# Tempora

Supplementary code for "Tempora: Characterising the Time-Contingent Utility of Fully Online Test-Time Adaptation" (ICML 2026 submission).

## Overview

Tempora is a framework for evaluating test-time adaptation (TTA) under temporal constraints. It comprises temporal scenarios, evaluation protocols, and time-contingent utility metrics.

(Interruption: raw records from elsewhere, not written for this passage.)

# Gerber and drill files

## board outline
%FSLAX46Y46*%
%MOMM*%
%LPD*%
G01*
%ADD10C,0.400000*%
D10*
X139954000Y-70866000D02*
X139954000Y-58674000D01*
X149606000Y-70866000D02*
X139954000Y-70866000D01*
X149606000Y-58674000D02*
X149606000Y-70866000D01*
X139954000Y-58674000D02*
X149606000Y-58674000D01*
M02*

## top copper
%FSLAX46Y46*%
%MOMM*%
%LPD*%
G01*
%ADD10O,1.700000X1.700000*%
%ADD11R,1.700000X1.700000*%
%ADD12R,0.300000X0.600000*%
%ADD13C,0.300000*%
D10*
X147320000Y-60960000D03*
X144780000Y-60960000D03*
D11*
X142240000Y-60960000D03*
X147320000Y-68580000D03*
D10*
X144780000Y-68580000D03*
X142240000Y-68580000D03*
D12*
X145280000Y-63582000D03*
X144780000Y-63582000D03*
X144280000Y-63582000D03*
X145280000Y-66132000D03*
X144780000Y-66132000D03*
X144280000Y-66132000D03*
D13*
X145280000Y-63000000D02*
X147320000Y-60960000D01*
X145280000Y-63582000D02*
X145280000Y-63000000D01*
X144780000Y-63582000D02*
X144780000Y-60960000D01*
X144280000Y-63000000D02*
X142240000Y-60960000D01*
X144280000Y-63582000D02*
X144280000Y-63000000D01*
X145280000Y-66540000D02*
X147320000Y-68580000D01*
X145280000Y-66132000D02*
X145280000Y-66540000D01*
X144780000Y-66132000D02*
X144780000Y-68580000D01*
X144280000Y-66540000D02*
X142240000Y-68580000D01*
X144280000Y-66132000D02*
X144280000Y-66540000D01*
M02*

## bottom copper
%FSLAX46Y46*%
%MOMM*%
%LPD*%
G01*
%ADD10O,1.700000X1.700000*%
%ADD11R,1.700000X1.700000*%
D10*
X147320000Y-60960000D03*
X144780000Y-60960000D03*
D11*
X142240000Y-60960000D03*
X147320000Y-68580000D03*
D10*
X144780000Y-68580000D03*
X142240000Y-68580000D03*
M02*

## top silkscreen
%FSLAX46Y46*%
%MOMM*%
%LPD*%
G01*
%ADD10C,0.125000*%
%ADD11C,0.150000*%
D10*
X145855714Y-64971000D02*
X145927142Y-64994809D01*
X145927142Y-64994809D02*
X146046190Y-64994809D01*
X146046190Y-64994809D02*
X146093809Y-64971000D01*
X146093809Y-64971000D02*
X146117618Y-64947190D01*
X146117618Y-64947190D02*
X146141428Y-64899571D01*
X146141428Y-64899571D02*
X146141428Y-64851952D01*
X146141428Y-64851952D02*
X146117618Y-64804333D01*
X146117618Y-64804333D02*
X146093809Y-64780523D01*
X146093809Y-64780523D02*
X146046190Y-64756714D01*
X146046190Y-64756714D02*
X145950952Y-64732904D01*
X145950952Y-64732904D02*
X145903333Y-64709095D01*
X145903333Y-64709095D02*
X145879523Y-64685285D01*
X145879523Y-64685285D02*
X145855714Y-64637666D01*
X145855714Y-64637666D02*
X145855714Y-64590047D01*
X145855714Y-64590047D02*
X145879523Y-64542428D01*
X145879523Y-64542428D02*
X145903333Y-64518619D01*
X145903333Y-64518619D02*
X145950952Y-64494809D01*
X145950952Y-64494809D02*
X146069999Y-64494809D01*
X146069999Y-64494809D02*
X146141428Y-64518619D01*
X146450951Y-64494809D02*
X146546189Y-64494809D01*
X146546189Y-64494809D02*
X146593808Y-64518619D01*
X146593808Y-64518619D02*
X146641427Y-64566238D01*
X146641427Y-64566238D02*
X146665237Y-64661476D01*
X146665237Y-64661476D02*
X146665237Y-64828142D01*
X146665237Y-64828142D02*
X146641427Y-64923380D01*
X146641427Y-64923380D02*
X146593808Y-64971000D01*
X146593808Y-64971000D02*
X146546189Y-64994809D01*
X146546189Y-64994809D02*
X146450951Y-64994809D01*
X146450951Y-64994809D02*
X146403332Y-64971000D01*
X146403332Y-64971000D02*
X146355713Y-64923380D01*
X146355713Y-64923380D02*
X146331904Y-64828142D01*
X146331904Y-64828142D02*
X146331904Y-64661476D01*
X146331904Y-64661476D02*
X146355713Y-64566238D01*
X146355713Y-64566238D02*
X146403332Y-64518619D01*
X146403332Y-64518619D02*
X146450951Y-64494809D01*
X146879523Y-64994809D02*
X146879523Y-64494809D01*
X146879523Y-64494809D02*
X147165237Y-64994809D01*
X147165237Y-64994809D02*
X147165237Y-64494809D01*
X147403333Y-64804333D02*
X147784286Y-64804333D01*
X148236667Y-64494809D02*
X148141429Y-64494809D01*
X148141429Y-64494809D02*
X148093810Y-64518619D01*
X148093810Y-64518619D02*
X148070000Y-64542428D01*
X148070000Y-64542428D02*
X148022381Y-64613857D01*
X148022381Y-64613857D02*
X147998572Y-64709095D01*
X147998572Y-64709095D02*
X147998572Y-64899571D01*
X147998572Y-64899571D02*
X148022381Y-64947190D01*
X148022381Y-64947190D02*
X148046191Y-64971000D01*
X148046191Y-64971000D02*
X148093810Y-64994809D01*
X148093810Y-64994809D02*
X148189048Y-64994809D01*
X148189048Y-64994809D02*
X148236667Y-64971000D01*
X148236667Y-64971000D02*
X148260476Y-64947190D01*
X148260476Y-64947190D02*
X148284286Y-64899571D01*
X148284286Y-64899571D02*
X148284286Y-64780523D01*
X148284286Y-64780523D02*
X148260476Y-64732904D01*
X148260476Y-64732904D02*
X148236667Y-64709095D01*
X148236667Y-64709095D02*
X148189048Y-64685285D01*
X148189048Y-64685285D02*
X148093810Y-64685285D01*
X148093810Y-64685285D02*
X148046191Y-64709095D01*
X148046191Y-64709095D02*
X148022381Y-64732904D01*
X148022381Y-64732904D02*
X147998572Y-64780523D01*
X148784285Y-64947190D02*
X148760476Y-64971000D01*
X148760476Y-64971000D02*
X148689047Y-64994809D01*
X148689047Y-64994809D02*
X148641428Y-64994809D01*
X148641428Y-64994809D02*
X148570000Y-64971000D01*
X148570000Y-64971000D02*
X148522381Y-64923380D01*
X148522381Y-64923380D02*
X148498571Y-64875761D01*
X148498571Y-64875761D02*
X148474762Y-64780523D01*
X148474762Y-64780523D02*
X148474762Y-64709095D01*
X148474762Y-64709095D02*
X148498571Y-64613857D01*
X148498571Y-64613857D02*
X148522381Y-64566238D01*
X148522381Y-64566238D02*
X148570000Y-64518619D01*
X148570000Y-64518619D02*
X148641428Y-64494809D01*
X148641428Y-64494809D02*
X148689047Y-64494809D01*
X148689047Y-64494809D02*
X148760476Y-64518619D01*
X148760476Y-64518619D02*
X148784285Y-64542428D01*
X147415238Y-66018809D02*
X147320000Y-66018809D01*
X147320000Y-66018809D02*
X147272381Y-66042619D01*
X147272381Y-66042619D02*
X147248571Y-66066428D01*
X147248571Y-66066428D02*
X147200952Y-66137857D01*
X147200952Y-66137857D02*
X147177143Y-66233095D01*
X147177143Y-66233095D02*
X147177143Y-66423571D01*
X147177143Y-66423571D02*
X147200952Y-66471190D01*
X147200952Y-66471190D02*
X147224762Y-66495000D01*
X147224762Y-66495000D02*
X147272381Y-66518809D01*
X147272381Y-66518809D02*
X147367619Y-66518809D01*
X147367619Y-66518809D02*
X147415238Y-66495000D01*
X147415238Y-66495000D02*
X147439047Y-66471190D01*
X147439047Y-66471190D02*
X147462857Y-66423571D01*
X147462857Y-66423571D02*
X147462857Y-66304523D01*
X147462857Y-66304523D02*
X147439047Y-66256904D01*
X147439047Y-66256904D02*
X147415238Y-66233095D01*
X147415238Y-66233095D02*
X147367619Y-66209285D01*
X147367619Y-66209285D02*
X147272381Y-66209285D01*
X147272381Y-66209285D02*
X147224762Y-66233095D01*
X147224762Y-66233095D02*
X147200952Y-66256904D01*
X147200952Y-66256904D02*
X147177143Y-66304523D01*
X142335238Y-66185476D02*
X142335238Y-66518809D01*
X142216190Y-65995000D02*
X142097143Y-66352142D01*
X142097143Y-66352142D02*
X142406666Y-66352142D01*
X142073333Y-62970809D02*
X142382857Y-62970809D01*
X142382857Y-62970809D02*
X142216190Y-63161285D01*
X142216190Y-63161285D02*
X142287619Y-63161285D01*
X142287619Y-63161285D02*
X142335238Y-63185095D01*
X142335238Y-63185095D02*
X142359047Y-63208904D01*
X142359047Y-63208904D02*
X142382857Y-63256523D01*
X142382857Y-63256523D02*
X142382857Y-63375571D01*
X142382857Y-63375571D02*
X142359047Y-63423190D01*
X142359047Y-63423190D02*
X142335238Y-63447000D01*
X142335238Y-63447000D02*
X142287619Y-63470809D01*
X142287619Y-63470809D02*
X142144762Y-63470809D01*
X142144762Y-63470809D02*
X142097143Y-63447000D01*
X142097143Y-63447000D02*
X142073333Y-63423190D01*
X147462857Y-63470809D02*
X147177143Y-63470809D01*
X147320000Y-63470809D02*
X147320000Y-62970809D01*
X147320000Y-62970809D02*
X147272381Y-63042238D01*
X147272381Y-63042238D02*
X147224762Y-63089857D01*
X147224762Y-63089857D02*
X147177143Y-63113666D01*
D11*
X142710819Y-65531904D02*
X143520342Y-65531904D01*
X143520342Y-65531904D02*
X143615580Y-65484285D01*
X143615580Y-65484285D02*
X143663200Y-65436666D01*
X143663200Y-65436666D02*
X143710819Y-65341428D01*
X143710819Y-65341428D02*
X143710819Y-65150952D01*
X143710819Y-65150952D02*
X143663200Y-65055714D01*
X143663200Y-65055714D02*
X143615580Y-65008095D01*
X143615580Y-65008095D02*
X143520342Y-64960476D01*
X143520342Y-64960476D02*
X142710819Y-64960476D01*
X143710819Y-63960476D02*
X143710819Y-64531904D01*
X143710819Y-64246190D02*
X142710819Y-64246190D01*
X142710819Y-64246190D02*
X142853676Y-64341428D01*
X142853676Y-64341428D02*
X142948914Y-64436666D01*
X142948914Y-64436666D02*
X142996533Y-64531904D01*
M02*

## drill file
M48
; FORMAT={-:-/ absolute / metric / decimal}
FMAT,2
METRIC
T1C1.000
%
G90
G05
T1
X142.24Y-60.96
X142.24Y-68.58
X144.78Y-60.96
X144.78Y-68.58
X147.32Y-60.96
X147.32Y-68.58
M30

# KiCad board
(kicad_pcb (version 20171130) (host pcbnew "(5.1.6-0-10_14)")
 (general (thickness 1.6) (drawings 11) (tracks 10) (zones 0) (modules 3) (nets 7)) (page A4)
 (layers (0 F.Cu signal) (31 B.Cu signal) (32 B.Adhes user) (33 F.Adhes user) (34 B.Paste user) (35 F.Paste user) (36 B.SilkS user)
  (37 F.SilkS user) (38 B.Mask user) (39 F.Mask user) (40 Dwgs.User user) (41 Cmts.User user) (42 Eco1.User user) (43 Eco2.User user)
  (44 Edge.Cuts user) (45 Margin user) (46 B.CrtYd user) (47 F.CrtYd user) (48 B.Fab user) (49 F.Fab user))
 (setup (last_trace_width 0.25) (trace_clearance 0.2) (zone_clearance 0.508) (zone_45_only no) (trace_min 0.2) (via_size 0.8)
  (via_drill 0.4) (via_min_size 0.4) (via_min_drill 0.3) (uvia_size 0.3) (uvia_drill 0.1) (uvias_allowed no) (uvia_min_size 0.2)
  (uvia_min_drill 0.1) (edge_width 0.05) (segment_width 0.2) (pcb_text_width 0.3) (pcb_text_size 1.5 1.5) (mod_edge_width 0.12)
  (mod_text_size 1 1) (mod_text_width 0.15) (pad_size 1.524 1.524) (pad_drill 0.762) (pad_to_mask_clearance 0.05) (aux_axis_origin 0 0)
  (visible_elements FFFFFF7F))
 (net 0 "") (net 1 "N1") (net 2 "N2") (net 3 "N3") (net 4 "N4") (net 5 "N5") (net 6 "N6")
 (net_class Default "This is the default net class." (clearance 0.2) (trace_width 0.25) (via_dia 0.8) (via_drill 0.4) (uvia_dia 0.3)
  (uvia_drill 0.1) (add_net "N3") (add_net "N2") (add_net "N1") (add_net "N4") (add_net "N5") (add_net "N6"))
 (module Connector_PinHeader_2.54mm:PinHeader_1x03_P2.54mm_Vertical (layer B.Cu) (at 142.24 60.96 270)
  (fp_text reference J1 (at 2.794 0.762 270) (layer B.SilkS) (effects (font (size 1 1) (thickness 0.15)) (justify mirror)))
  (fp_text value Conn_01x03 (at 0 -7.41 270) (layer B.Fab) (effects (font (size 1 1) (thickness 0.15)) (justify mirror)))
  (pad 3 thru_hole oval (at 0 -5.08 270) (size 1.7 1.7) (drill 1) (layers *.Cu *.Mask) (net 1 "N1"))
  (pad 2 thru_hole oval (at 0 -2.54 270) (size 1.7 1.7) (drill 1) (layers *.Cu *.Mask) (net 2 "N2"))
  (pad 1 thru_hole rect (at 0 0 270) (size 1.7 1.7) (drill 1) (layers *.Cu *.Mask) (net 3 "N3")))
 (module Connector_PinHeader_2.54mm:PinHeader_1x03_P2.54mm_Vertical (layer B.Cu) (at 147.32 68.58 90)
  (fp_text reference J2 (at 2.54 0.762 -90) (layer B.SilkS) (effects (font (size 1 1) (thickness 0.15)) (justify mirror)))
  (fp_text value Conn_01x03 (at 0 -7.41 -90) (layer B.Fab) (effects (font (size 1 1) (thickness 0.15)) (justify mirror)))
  (pad 1 thru_hole rect (at 0 0 90) (size 1.7 1.7) (drill 1) (layers *.Cu *.Mask) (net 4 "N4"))
  (pad 2 thru_hole oval (at 0 -2.54 90) (size 1.7 1.7) (drill 1) (layers *.Cu *.Mask) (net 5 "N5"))
  (pad 3 thru_hole oval (at 0 -5.08 90) (size 1.7 1.7) (drill 1) (layers *.Cu *.Mask) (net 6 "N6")))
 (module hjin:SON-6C (layer F.Cu) (at 145.28 65.532 180)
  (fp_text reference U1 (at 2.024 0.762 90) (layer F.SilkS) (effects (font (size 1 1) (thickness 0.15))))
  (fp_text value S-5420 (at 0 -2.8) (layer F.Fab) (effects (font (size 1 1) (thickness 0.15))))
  (pad 1 smd rect (at 0 1.95 180) (size 0.3 0.6) (layers F.Cu F.Paste F.Mask) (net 1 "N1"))
  (pad 2 smd rect (at 0.5 1.95 180) (size 0.3 0.6) (layers F.Cu F.Paste F.Mask) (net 2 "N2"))
  (pad 3 smd rect (at 1 1.95 180) (size 0.3 0.6) (layers F.Cu F.Paste F.Mask) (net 3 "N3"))
  (pad 6 smd rect (at 0 -0.6 180) (size 0.3 0.6) (layers F.Cu F.Paste F.Mask) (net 4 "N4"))
  (pad 5 smd rect (at 0.5 -0.6 180) (size 0.3 0.6) (layers F.Cu F.Paste F.Mask) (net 5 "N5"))
  (pad 4 smd rect (at 1 -0.6 180) (size 0.3 0.6) (layers F.Cu F.Paste F.Mask) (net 6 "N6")))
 (gr_line (start 139.954 70.866) (end 139.954 58.674) (layer Edge.Cuts) (width 0.4))
 (gr_line (start 149.606 70.866) (end 139.954 70.866) (layer Edge.Cuts) (width 0.4))
 (gr_line (start 149.606 58.674) (end 149.606 70.866) (layer Edge.Cuts) (width 0.4))
 (gr_line (start 139.954 58.674) (end 149.606 58.674) (layer Edge.Cuts) (width 0.4))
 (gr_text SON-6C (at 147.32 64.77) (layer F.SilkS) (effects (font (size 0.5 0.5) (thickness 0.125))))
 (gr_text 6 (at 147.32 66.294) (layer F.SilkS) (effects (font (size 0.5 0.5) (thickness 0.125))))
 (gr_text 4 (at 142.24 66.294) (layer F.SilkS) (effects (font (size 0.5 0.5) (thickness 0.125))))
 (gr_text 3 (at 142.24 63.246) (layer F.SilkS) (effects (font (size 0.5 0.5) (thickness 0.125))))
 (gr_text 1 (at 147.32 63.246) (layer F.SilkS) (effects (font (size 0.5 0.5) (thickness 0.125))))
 (segment (start 145.28 63) (end 147.32 60.96) (width 0.3) (layer F.Cu) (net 1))
 (segment (start 145.28 63.582) (end 145.28 63) (width 0.3) (layer F.Cu) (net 1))
 (segment (start 144.78 63.582) (end 144.78 60.96) (width 0.3) (layer F.Cu) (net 2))
 (segment (start 144.28 63) (end 142.24 60.96) (width 0.3) (layer F.Cu) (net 3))
 (segment (start 144.28 63.582) (end 144.28 63) (width 0.3) (layer F.Cu) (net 3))
 (segment (start 145.28 66.54) (end 147.32 68.58) (width 0.3) (layer F.Cu) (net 4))
 (segment (start 145.28 66.132) (end 145.28 66.54) (width 0.3) (layer F.Cu) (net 4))
 (segment (start 144.78 66.132) (end 144.78 68.58) (width 0.3) (layer F.Cu) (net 5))
 (segment (start 144.28 66.54) (end 142.24 68.58) (width 0.3) (layer F.Cu) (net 6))
 (segment (start 144.28 66.132) (end 144.28 66.54) (width 0.3) (layer F.Cu) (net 6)))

We instantiate this framework with three metrics for distinct scenarios:

1. **Discrete utility**: Asynchronous streams with hard deadlines; batches arriving while the pipeline is occupied are skipped.
2. **Continuous utility**: User-led pacing with hyperbolic decay; late predictions lose value proportional to response delay.
3. **Amortised utility**: Budget-constrained overhead; adaptation proceeds until the budget is exhausted, then the model freezes.

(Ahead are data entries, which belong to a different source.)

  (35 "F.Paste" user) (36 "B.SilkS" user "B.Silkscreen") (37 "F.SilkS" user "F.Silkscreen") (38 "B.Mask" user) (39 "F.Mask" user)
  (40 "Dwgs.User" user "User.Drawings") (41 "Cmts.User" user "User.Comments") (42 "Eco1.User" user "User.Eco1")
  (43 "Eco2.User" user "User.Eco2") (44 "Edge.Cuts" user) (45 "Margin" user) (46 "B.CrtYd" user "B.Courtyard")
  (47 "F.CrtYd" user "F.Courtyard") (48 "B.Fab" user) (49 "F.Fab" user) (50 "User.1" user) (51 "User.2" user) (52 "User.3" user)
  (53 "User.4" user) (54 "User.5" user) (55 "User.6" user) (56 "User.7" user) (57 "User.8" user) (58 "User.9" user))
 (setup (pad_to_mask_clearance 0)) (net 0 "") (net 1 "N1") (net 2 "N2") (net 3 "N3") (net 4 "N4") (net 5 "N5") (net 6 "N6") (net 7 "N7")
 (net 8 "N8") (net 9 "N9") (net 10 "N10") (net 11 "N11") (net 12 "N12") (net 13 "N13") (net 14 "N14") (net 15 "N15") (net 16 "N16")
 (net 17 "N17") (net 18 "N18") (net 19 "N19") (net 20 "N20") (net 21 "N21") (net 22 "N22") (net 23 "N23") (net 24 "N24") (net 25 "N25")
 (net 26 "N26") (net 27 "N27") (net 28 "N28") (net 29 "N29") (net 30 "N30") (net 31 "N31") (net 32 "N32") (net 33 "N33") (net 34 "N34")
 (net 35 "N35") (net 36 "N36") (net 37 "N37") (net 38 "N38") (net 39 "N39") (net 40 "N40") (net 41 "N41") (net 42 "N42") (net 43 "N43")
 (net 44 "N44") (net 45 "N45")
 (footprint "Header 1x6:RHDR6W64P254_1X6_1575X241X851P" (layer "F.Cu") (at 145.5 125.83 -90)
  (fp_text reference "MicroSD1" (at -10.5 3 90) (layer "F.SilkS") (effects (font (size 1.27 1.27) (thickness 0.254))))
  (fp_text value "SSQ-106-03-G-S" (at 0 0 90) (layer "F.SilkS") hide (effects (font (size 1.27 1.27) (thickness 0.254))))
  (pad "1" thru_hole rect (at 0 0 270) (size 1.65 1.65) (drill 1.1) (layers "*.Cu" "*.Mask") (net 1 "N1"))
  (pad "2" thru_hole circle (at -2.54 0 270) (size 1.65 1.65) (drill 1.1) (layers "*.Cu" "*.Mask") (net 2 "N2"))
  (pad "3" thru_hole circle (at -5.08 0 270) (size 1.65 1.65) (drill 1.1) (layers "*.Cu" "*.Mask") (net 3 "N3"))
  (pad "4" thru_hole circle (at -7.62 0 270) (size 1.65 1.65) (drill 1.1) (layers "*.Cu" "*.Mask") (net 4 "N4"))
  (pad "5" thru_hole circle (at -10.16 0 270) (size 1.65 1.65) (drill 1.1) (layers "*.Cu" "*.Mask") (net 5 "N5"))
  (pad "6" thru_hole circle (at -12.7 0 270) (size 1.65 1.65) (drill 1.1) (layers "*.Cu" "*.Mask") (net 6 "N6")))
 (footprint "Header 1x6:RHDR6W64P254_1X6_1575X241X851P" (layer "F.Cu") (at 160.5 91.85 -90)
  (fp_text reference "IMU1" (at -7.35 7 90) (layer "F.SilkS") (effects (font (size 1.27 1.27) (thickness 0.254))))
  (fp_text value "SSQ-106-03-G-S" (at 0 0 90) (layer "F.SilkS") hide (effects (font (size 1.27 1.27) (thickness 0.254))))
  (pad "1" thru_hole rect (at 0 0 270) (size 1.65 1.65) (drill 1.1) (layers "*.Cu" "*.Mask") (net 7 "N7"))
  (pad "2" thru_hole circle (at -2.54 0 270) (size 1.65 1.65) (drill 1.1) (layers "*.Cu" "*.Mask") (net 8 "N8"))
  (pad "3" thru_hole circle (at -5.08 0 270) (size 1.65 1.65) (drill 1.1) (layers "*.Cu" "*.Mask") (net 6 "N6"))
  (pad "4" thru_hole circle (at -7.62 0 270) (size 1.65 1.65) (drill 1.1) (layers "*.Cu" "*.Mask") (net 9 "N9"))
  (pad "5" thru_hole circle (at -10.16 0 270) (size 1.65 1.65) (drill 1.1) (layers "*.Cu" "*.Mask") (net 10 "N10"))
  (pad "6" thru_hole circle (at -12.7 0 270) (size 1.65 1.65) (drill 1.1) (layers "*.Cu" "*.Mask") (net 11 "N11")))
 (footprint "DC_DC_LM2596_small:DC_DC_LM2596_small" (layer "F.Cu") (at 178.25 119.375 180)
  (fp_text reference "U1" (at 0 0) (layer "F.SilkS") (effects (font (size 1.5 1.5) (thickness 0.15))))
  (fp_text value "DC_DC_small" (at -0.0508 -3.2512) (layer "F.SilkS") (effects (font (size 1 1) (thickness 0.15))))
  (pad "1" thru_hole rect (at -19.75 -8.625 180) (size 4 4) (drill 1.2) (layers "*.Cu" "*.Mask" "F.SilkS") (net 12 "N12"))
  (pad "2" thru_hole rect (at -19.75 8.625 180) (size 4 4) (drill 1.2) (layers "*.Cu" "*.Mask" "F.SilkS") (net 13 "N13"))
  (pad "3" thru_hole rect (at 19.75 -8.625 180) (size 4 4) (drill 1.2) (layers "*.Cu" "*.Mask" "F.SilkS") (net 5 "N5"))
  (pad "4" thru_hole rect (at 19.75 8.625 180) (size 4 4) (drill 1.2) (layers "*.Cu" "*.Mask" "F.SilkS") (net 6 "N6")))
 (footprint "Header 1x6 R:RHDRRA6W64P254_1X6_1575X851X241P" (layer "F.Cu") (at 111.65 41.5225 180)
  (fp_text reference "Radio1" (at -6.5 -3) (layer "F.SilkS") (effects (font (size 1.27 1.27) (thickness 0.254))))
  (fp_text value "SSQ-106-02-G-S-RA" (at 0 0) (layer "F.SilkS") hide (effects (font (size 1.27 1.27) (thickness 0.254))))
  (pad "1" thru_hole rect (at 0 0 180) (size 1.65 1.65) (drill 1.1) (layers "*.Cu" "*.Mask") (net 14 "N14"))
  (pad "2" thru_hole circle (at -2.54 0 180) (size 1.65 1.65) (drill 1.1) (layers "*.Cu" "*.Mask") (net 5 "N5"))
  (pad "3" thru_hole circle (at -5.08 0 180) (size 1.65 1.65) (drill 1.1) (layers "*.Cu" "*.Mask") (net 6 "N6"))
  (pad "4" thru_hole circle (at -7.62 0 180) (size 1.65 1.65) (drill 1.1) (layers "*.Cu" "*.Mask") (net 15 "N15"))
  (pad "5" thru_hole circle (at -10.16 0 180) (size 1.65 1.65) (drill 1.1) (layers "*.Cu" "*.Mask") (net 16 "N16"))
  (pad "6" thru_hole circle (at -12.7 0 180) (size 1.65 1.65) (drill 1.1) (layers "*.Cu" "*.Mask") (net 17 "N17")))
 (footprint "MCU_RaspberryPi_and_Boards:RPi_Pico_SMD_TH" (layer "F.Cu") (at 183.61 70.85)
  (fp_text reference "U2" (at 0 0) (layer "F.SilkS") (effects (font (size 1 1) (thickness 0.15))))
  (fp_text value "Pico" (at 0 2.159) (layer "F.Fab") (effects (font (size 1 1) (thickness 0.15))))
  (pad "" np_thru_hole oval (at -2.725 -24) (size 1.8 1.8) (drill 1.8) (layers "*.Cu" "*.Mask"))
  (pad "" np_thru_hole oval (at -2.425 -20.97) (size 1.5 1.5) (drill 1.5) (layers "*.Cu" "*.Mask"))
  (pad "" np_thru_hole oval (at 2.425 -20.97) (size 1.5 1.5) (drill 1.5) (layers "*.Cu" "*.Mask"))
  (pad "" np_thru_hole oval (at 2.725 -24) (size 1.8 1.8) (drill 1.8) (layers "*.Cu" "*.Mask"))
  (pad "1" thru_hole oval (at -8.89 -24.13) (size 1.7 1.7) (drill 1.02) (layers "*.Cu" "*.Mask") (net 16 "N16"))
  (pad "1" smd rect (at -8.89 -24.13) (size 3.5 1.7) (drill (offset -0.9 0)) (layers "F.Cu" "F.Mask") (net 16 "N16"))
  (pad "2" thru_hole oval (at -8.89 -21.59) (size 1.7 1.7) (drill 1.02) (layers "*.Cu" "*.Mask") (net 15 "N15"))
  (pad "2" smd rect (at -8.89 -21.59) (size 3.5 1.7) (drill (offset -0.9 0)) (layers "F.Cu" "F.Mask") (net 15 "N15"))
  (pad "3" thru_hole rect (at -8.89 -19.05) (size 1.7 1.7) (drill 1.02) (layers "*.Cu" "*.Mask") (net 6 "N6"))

These metrics reveal rank instability: the method deemed optimal under offline evaluation frequently underperforms under temporal pressure.

## Repository Structure
```
tempora-supplementary/
├── tempora/
│   ├── common/
│   │   ├── methods/       # TTA method implementations
│   │   ├── models/        # Model architectures
│   │   ├── datasets/      # Dataset loaders
│   │   └── recorders/     # Utility recorders
│   └── scripts/
│       └── evaluate/      # Evaluation scripts
├── output/                # Evaluation logs (JSON)
│   ├── offline/
│   ├── discrete/          # Varying utilisation ρ
│   ├── continuous/        # Varying threshold T
│   └── amortised/         # Varying budget B
└── pyproject.toml         # Dependencies
```

## Methods

We evaluate seven Fully TTA methods spanning two families:

| Method | Family | Mechanism |
|--------|--------|-----------|
| AdaBN | Gradient-free | Recomputes BN statistics on incoming batch |
| LAME | Gradient-free | Refines outputs via Laplacian-regularised optimisation |
| NEO | Gradient-free | Centres features by subtracting running mean |
| Tent | Gradient-based | Minimises entropy over BN affine parameters |
| ETA | Gradient-based | Tent with reliability and redundancy filtering |
| SHOT-IM | Gradient-based | Entropy minimisation with diversity regularisation; updates full backbone |
| SAR | Gradient-based | Sharpness-aware entropy minimisation with filtering and reset |

Standard inference (no adaptation) serves as the baseline.

Hyperparameters follow original implementations and are configured in `tempora/common/utils.py`.

## Usage

### Requirements

- Python 3.12+
- [uv](https://docs.astral.sh/uv/) package manager
- [ImageNet-C](https://github.com/hendrycks/robustness)

Install dependencies:
```bash
uv sync
```

### Running Evaluations
```bash
# Offline evaluation
uv run python -m tempora.scripts.evaluate.offline \
    --method eta \
    --dataset-name imagenet \
    --dataset-root /path/to/datasets \
    --dataset-dist noise blur weather digital \
    --output-dir output/offline

# Discrete utility (utilisation ρ controlled via interval)
uv run python -m tempora.scripts.evaluate.discrete \
    --method eta \
    --interval 39.9 \
    --queue-size 1 \
    --output-dir output/discrete

# Amortised utility (budget B in ms)
uv run python -m tempora.scripts.evaluate.amortised \
    --method eta \
    --overhead-budget 1000 \
    --output-dir output/amortised
```

### Log Format

Each evaluation produces a JSON file containing:
- `arguments`: Evaluation configuration
- `results`: Per-batch metrics (predictions, timing, accuracy)

## Scope

This release accompanies our ICML submission. Reported results use ImageNet-C (severity 5) with ResNet-50 and batch size 64, evaluated across:

- **Discrete**: utilisation ρ ∈ {100, 70, 50, 35, 25}% (intervals γ ∈ {39.9, 56.4, 79.8, 112.8, 159.6} ms)
- **Continuous**: threshold T ∈ {50, 100, 200, 400, 1000} ms
- **Amortised**: budget B ∈ {1, 2, 4, 8, 16, 32} s

The framework supports additional architectures and datasets for extensibility.

The codebase includes additional utilities from preliminary experiments that are not required to reproduce the reported results.

## License

MIT License. See LICENSE for details.